Denon“Make sure that the anti-skating value is the same as the stylus pressure value” – the VTF“Turn the counterweight in the direction of the arrow so that the ‘2’ mark of the stylus pressure adjustment ring is lined up with the line on the tone arm. The appropriate stylus pressure for the cartridge included with this unit (Denon DP-400) is 2.0 g (19.6 mN)”

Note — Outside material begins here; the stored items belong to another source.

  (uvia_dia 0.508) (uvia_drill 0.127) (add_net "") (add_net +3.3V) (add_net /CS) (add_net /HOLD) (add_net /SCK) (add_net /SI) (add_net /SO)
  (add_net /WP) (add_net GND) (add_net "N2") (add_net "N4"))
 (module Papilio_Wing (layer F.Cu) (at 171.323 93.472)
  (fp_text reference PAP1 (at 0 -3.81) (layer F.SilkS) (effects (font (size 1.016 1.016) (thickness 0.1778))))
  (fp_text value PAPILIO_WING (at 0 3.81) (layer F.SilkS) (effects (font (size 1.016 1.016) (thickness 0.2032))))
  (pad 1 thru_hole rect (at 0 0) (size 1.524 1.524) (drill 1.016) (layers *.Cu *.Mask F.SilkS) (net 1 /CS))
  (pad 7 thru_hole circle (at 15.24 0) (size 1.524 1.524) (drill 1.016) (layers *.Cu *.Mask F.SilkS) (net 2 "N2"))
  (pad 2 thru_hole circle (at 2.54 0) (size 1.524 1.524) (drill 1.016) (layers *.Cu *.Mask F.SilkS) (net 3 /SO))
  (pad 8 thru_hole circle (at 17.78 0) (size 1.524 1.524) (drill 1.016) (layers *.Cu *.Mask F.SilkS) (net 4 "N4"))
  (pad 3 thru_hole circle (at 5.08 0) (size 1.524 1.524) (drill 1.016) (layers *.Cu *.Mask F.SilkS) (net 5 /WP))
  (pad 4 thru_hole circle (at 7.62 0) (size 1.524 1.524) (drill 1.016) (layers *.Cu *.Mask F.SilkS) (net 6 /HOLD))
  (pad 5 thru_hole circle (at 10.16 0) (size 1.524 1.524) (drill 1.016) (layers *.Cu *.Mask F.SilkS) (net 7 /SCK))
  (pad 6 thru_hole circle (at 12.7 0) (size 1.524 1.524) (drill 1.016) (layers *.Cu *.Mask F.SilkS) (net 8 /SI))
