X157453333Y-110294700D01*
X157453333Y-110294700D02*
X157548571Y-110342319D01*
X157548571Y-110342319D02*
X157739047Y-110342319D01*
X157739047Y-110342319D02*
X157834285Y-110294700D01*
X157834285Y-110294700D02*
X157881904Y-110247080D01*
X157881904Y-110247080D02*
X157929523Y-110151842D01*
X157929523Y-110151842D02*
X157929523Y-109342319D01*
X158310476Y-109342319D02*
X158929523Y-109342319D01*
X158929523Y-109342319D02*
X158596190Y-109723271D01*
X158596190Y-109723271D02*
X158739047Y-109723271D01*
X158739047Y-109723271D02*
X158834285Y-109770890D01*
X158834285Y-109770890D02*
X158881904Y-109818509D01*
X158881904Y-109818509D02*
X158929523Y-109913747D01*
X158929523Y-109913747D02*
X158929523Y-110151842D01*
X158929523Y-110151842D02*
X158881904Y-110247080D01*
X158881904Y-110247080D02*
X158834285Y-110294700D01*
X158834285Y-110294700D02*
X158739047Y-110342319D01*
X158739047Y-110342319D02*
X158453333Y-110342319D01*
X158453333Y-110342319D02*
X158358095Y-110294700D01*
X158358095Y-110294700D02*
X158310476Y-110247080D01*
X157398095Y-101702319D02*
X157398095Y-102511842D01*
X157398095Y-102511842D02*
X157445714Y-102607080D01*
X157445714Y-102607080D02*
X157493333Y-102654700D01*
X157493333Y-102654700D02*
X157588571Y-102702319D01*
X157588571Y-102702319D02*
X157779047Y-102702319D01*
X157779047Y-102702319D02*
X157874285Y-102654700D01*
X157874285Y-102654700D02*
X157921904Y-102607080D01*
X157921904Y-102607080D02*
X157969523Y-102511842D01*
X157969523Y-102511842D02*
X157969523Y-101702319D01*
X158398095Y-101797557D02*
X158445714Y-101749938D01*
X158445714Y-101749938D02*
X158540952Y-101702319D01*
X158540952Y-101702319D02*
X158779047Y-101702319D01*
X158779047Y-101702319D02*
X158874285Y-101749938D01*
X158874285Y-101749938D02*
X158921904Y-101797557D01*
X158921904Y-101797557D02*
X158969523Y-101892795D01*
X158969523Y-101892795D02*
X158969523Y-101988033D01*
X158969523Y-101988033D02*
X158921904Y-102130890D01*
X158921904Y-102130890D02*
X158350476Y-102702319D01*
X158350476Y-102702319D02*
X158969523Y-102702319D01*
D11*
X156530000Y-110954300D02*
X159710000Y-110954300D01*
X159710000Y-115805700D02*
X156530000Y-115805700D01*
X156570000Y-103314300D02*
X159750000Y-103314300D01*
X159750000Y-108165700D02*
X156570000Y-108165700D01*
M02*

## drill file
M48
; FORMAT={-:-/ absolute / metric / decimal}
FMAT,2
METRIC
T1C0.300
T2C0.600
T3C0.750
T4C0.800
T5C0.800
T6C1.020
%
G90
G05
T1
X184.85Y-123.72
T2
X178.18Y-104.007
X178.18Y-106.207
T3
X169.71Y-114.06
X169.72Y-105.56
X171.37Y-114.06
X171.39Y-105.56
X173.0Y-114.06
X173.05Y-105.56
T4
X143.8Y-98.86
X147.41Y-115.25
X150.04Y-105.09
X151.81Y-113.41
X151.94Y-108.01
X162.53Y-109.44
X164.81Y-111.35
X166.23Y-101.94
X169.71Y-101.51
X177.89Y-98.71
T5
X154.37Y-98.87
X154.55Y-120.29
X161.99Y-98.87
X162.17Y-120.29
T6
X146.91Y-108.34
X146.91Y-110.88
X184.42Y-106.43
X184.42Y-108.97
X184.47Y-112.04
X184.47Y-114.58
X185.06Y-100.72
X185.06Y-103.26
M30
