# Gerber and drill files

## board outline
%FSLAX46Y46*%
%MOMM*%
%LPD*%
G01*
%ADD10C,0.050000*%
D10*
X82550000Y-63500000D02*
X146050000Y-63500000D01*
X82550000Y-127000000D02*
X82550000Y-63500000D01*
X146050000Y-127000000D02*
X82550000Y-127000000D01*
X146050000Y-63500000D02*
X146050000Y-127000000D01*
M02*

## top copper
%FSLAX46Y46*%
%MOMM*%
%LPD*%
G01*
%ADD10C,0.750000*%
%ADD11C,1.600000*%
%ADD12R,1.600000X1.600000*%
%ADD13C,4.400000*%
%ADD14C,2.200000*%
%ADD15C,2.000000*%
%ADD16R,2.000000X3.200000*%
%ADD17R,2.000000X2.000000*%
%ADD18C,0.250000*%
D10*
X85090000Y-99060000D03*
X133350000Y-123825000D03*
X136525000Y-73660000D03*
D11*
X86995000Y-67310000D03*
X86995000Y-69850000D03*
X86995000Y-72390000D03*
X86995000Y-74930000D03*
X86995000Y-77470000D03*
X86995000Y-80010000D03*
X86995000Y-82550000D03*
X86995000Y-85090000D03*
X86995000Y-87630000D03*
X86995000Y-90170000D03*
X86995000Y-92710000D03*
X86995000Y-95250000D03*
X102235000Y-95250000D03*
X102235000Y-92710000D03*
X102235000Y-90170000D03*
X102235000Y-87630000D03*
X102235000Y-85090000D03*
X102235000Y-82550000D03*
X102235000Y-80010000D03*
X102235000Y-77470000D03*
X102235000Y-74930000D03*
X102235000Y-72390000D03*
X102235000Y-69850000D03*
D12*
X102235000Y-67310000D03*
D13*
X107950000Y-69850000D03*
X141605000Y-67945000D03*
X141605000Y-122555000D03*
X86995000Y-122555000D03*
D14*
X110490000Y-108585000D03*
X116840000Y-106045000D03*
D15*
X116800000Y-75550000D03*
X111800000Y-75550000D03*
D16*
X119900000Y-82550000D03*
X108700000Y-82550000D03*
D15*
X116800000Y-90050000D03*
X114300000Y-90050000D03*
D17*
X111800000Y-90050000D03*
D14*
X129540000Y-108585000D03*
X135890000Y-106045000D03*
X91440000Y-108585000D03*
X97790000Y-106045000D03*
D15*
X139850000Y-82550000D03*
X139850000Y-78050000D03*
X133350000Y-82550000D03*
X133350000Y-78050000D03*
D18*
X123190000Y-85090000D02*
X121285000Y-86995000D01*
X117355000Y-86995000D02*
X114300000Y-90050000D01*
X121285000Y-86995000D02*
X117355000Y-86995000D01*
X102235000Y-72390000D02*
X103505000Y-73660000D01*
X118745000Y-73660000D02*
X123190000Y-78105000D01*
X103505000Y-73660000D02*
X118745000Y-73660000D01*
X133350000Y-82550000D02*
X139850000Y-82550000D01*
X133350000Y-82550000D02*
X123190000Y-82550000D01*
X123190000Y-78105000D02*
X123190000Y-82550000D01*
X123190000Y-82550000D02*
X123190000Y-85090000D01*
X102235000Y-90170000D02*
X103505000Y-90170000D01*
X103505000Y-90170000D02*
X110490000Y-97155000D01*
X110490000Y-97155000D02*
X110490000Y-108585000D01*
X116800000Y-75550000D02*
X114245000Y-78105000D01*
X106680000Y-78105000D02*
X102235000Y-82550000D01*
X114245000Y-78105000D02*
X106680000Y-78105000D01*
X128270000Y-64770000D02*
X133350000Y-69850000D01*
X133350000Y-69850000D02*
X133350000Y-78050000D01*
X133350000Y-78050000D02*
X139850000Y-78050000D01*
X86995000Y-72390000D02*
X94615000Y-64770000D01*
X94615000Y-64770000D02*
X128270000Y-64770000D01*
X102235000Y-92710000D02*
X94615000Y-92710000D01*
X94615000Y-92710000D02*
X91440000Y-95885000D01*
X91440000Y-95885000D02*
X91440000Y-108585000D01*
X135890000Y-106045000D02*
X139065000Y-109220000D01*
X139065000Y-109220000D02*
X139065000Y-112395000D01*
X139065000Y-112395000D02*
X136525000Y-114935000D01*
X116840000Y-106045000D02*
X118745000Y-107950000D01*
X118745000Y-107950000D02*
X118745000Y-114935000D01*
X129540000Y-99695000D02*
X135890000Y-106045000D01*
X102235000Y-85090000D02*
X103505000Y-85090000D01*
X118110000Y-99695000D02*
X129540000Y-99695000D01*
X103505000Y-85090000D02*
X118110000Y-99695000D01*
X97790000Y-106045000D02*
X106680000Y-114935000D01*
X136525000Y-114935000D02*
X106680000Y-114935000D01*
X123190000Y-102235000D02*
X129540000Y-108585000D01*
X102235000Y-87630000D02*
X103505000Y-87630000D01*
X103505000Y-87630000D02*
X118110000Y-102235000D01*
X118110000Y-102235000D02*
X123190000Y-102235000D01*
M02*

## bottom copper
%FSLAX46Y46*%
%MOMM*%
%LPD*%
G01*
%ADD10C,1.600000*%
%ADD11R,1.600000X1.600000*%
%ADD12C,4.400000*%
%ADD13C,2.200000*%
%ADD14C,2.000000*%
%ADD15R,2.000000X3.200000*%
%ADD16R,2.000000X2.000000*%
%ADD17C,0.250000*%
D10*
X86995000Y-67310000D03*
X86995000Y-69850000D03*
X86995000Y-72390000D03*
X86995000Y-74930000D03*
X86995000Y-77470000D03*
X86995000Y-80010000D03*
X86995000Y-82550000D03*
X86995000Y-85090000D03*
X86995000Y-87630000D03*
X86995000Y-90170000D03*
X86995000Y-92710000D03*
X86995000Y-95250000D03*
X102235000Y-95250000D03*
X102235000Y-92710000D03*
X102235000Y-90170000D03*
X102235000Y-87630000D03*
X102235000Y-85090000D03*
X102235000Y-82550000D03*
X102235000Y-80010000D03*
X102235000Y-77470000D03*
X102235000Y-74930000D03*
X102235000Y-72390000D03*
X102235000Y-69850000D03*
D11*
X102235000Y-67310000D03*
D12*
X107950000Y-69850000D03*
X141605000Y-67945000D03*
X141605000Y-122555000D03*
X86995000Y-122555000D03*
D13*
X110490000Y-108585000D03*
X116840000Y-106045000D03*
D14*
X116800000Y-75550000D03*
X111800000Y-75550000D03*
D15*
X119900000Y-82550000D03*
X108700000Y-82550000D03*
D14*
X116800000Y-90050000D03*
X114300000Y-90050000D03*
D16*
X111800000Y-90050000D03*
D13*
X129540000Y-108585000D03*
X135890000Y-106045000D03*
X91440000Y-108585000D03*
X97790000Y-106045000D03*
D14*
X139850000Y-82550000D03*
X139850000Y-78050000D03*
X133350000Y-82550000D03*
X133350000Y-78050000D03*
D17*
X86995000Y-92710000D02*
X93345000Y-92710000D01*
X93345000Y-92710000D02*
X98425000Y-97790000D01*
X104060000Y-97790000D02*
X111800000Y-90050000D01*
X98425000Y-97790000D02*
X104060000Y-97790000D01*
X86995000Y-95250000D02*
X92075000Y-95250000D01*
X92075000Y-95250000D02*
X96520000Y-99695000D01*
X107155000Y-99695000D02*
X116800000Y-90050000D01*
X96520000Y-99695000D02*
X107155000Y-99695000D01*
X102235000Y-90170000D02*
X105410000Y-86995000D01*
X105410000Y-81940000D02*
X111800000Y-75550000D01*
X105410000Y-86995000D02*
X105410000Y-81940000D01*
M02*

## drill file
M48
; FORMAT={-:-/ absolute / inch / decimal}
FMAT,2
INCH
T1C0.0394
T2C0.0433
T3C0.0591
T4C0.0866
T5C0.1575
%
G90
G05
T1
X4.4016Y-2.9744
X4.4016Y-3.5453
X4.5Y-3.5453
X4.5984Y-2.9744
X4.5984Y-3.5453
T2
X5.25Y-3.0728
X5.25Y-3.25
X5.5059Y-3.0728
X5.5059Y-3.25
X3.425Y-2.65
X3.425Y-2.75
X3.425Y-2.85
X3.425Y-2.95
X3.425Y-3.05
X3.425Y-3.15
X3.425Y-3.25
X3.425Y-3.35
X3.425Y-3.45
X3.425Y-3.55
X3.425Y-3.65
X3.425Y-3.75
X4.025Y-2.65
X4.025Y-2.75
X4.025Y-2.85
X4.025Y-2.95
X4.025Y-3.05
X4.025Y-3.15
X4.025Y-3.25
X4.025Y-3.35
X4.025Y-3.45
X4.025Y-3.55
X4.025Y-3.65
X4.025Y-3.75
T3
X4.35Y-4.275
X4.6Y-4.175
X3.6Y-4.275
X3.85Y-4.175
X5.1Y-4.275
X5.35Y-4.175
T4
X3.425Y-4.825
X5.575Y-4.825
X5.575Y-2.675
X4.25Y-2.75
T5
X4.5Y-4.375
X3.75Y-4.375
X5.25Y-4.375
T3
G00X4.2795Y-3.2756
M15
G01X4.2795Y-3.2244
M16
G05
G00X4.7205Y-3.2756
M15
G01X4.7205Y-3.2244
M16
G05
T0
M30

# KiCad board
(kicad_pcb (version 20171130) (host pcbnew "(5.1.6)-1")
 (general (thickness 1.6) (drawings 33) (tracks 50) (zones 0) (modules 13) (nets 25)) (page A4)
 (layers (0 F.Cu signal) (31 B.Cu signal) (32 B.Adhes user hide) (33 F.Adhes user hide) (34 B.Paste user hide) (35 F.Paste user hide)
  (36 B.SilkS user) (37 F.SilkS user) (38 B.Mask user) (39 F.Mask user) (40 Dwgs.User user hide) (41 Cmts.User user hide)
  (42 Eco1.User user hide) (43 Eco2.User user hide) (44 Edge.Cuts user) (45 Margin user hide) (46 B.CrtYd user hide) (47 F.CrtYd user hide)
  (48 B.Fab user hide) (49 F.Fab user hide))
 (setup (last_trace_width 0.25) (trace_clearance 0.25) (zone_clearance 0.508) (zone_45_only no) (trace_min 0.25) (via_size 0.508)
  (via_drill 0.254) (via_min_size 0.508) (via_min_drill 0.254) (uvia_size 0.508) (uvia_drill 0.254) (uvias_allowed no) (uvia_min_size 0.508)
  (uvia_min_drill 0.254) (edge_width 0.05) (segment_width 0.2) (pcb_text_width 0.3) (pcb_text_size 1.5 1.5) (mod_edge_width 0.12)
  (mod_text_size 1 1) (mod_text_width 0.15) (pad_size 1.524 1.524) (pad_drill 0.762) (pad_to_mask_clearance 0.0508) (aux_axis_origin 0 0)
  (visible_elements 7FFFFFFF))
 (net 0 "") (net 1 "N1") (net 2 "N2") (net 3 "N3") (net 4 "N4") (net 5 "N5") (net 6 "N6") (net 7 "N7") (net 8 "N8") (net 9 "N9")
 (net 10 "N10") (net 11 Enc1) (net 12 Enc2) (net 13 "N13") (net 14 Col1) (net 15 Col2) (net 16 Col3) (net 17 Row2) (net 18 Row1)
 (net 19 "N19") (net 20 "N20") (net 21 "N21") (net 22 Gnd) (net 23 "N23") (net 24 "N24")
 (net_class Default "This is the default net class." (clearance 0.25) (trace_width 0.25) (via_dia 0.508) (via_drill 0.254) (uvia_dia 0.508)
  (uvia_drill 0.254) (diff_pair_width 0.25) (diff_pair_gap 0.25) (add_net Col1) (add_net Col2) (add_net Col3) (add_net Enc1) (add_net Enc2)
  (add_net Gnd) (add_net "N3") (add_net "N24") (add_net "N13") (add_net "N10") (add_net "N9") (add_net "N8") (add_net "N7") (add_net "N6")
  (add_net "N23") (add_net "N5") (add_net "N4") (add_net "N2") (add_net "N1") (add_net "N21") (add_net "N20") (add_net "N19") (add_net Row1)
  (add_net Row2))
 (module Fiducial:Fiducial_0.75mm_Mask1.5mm (layer F.Cu) (at 85.09 99.06)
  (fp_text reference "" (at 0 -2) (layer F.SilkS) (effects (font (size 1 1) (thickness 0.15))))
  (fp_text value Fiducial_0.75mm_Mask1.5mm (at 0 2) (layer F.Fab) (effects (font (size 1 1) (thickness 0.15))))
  (pad "" smd circle (at 0 0) (size 0.75 0.75) (layers F.Cu F.Mask) (solder_mask_margin 0.375) (clearance 0.375)))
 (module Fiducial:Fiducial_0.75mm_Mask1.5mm (layer F.Cu) (at 133.35 123.825)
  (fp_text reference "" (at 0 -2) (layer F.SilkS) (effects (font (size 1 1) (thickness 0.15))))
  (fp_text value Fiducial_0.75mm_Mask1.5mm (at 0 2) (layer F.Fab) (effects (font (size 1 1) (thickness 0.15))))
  (pad "" smd circle (at 0 0) (size 0.75 0.75) (layers F.Cu F.Mask) (solder_mask_margin 0.375) (clearance 0.375)))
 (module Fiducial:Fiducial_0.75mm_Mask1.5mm (layer F.Cu) (at 136.525 73.66)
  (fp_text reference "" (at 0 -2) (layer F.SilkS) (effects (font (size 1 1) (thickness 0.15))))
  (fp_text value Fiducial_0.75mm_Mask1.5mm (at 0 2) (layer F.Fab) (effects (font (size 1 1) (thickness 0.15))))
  (pad "" smd circle (at 0 0) (size 0.75 0.75) (layers F.Cu F.Mask) (solder_mask_margin 0.375) (clearance 0.375)))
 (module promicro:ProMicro (layer B.Cu) (at 94.615 81.28 270)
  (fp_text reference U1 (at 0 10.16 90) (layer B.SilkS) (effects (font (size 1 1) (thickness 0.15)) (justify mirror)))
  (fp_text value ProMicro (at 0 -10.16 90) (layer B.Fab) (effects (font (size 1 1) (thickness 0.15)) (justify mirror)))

Audio Technica“To set the anti-skate on a turntable that features a user-adjustable control, begin by adjusting it to the same value as the vertical tracking force (VTF) used – this will get you in the ballpark. Inner groove distortion in particular can be quite noticeable. Listen carefully to the last few minutes of a record to determine if more or less anti-skate is needed … determine if it appears to be louder on one channel, the left or the right. Adjust the anti-skate value until the distortion is minimized”“If you are working with the AT95E cartridge we recommend setting the force to 2 grams. If you ever install an alternate cartridge, you’ll need to adjust the tracking force according to the manufacturer’s recommended setting”
*Always refer to the cartridge and/or turntable manufacturer instructions for the specific VTF. The above are general guidelines taken from manufacturer websites and instruction manuals, and the VTF and relative anti-skate settings can vary across models within the same manufacturer’s range of products.